听到这里,本来心情就差的妹红心情更差了,先是看了一眼颤抖的两人,留下一句“等下再来找你们”之后,就化身红色闪光,直接冲向永远亭。
没过多久,永远亭的位置就传来了剧烈的爆炸声。
“那……那个,张绍也先生,公主她,真的说过那些话吗?”
在确认妹红走远之后,两人这在继续往前走,在路上铃仙问了这个致命问题。张绍也前面说的确实没问题,但最后一句自己是从来没听说过。

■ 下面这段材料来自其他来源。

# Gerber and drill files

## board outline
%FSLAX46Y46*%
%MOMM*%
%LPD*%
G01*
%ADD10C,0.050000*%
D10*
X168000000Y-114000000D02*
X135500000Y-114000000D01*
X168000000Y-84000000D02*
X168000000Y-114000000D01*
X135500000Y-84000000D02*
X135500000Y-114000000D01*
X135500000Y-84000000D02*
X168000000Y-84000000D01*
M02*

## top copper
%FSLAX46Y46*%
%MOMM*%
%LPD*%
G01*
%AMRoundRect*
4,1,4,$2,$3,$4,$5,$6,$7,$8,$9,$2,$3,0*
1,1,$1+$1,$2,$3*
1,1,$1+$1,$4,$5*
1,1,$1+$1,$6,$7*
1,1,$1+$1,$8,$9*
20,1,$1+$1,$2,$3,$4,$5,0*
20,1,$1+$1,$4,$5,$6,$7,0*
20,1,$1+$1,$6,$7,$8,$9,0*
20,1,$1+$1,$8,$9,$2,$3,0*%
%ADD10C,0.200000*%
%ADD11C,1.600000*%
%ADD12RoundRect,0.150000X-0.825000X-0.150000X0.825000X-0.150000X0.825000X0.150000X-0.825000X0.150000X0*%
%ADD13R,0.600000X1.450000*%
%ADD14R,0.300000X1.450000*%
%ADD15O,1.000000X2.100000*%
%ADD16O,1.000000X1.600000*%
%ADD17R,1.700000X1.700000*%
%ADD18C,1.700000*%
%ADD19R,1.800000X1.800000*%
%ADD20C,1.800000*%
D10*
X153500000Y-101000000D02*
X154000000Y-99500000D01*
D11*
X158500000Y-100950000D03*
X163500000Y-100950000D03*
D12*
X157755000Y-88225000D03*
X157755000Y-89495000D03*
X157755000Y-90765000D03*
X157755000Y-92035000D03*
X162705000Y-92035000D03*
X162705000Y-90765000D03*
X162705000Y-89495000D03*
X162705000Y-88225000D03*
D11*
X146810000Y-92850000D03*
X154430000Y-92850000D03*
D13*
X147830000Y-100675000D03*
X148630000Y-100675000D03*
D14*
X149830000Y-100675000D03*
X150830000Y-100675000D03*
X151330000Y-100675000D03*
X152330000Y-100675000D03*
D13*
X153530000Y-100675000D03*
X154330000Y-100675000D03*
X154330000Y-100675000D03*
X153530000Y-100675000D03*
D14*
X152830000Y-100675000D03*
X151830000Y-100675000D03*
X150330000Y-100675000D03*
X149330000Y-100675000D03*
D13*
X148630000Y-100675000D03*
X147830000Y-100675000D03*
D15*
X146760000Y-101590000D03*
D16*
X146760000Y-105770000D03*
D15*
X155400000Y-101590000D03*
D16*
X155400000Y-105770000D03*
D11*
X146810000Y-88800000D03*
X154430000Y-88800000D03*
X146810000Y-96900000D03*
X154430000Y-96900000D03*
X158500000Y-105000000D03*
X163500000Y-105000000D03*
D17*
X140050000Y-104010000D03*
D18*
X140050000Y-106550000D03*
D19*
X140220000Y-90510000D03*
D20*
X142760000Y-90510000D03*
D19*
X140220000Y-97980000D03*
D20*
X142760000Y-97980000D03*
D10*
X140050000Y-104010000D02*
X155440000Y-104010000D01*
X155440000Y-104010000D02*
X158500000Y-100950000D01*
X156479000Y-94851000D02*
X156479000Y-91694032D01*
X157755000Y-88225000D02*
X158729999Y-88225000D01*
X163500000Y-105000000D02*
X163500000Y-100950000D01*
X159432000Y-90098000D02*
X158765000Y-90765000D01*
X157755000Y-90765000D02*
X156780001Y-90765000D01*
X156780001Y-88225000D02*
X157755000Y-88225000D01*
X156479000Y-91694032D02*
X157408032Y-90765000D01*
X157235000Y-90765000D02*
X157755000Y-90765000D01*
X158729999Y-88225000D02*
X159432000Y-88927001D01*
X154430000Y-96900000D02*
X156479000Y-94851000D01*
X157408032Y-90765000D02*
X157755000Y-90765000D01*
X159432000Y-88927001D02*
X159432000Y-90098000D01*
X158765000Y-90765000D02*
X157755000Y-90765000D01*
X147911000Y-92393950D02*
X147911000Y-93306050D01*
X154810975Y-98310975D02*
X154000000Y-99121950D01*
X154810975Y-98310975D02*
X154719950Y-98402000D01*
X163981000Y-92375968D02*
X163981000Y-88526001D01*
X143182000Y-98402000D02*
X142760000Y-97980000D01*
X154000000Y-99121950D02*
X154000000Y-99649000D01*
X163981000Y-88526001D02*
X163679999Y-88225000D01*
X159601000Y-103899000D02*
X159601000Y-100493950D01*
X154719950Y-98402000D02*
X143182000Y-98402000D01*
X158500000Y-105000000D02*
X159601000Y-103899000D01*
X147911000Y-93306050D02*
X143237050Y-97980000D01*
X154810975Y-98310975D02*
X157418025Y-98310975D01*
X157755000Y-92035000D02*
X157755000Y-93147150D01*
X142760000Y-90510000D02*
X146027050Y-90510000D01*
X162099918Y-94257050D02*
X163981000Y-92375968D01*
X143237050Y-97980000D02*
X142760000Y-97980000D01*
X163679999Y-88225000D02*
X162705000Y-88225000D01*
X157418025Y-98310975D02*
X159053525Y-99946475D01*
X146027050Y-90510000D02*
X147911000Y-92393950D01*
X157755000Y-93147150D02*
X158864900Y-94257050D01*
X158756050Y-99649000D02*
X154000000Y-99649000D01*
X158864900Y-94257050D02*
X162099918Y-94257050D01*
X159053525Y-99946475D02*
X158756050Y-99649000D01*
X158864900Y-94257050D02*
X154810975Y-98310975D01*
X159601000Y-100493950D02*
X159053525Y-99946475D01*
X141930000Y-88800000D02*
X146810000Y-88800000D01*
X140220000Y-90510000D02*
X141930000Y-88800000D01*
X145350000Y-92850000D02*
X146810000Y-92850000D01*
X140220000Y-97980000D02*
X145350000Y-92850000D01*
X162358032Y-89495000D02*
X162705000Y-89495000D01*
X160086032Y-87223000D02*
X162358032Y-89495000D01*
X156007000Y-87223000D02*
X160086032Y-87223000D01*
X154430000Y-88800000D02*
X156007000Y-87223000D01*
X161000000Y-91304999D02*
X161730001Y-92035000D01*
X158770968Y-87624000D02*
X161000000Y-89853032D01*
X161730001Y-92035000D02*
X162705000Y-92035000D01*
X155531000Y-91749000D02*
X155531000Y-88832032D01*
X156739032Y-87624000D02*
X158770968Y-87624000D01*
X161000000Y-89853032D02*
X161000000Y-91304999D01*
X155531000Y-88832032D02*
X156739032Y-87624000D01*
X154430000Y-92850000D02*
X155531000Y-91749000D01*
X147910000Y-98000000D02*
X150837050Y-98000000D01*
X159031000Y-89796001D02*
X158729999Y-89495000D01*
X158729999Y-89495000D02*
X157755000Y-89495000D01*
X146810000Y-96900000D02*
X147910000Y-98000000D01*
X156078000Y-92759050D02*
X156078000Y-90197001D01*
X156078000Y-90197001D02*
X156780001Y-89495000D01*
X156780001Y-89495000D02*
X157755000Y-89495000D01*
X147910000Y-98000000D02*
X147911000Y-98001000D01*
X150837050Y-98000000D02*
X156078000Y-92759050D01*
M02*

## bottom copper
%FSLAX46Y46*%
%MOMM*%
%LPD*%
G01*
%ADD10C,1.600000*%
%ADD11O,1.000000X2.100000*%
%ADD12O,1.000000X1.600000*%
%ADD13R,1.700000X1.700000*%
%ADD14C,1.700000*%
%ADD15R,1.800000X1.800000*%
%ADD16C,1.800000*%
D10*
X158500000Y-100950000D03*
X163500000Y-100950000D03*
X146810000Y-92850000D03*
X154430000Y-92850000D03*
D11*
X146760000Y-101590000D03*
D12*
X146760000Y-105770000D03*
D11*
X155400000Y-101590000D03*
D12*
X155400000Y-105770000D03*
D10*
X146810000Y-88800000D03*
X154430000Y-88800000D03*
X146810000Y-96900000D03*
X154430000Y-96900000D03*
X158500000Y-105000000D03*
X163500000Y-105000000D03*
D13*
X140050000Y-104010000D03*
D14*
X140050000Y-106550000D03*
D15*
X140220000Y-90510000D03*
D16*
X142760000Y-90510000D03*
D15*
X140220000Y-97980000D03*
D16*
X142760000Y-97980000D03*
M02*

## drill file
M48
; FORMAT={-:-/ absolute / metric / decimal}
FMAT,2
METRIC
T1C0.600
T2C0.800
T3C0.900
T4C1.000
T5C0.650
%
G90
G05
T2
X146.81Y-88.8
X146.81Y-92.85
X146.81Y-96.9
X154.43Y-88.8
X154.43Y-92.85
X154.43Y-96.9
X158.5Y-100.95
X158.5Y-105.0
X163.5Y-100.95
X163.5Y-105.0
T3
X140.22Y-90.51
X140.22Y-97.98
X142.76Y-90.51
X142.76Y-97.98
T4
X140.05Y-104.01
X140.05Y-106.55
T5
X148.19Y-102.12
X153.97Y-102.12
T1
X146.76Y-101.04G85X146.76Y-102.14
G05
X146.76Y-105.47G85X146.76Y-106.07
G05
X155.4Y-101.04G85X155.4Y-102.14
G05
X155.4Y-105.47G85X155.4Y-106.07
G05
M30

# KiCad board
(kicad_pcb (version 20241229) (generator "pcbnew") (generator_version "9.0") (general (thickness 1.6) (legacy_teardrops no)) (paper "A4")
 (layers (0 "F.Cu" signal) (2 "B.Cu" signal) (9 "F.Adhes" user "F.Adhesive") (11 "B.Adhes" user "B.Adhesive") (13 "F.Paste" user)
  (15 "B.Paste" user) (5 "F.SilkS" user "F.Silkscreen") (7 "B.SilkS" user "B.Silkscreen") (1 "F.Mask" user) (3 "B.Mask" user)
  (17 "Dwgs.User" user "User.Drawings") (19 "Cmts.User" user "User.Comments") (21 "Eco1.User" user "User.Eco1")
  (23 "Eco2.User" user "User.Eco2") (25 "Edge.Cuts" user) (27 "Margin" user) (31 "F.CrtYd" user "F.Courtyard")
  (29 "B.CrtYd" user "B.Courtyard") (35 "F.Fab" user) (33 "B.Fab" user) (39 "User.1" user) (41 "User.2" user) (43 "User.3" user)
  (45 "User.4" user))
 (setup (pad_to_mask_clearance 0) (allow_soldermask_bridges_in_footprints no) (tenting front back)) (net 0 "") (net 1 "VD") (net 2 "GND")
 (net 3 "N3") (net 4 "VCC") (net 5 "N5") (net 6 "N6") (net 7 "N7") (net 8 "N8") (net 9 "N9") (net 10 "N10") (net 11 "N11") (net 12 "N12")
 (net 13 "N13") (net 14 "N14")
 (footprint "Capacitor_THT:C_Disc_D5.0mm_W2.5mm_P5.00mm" (layer "F.Cu") (at 158.5 100.95)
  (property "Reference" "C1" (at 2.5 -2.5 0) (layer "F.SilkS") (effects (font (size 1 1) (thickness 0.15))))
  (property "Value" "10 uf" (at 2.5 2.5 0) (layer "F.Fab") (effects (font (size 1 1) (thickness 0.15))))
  (pad "1" thru_hole circle (at 0 0) (size 1.6 1.6) (drill 0.8) (layers "*.Cu" "*.Mask") (remove_unused_layers no) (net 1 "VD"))
  (pad "2" thru_hole circle (at 5 0) (size 1.6 1.6) (drill 0.8) (layers "*.Cu" "*.Mask") (remove_unused_layers no) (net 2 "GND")))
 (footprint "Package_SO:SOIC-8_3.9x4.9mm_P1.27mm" (layer "F.Cu") (at 160.23 90.13)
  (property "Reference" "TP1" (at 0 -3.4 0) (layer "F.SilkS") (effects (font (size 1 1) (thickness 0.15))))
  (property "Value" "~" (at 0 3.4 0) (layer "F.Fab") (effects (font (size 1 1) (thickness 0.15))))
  (pad "1" smd roundrect (at -2.475 -1.905) (size 1.95 0.6) (layers "F.Cu" "F.Mask" "F.Paste") (roundrect_rratio 0.25) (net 2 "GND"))
  (pad "2" smd roundrect (at -2.475 -0.635) (size 1.95 0.6) (layers "F.Cu" "F.Mask" "F.Paste") (roundrect_rratio 0.25) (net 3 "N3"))
  (pad "3" smd roundrect (at -2.475 0.635) (size 1.95 0.6) (layers "F.Cu" "F.Mask" "F.Paste") (roundrect_rratio 0.25) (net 2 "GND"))
  (pad "4" smd roundrect (at -2.475 1.905) (size 1.95 0.6) (layers "F.Cu" "F.Mask" "F.Paste") (roundrect_rratio 0.25) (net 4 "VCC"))
  (pad "5" smd roundrect (at 2.475 1.905) (size 1.95 0.6) (layers "F.Cu" "F.Mask" "F.Paste") (roundrect_rratio 0.25) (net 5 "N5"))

“这你就不懂了,铃仙,我和辉夜可是合作关系,我只是实话实说罢了,我怎么会害她呢,还是说,在铃仙我就是那种添油加醋的小人?”
在听到铃仙的话,张绍也摸着心脏,露出一副我好难受的表情质问铃仙,这一下瞬间让铃仙慌了起来,赶紧摆手表示不是这样,还顺便说了几句好话,才让这件事过去。
……
没过多久,两人就来到了人间之里,随后在铃仙的引导下,两人穿过不算宽阔但很整洁的街道,来到一栋看起来颇为雅致、带着书卷气息的宅邸前。门牌上写着“稗田府”。
在门口还站着两个看大门的,两人的外形也十分……有趣。
一位留着黑色长发,面部有一条横贯鼻梁及两边面颊的绷带;另一位则是棕色长发,头上带着顶小帽子帽,右眼被头发遮住,身穿黑色紧身衣。
“我觉得裨田家的安保做的非常强大,就这两位往这里一站,肯定没人敢闯进大门。”
听到张绍也这么说,铃仙有些不解,不过两个普通人类罢了,妖怪不随随便便闯进来。
但对看大门的两位来说,这很明显是对自己的肯定。瞬间让张绍也在两人心目中的地位上升了一点点。
“铃仙小姐是来找家主的吧,我这就去通报。”
其中一位保安认出了铃仙,毕竟铃仙三天两头就来人间之里卖药,想不记住都难。
没过多久,大门打开,刚才进去的保安走了出来,随后又走出一位看起来像、实际上就是丫鬟的人,来带着两人去找稗田阿求。
而在两人进去之后,两位看大门的依旧看着大门,只不过心情很愉悦。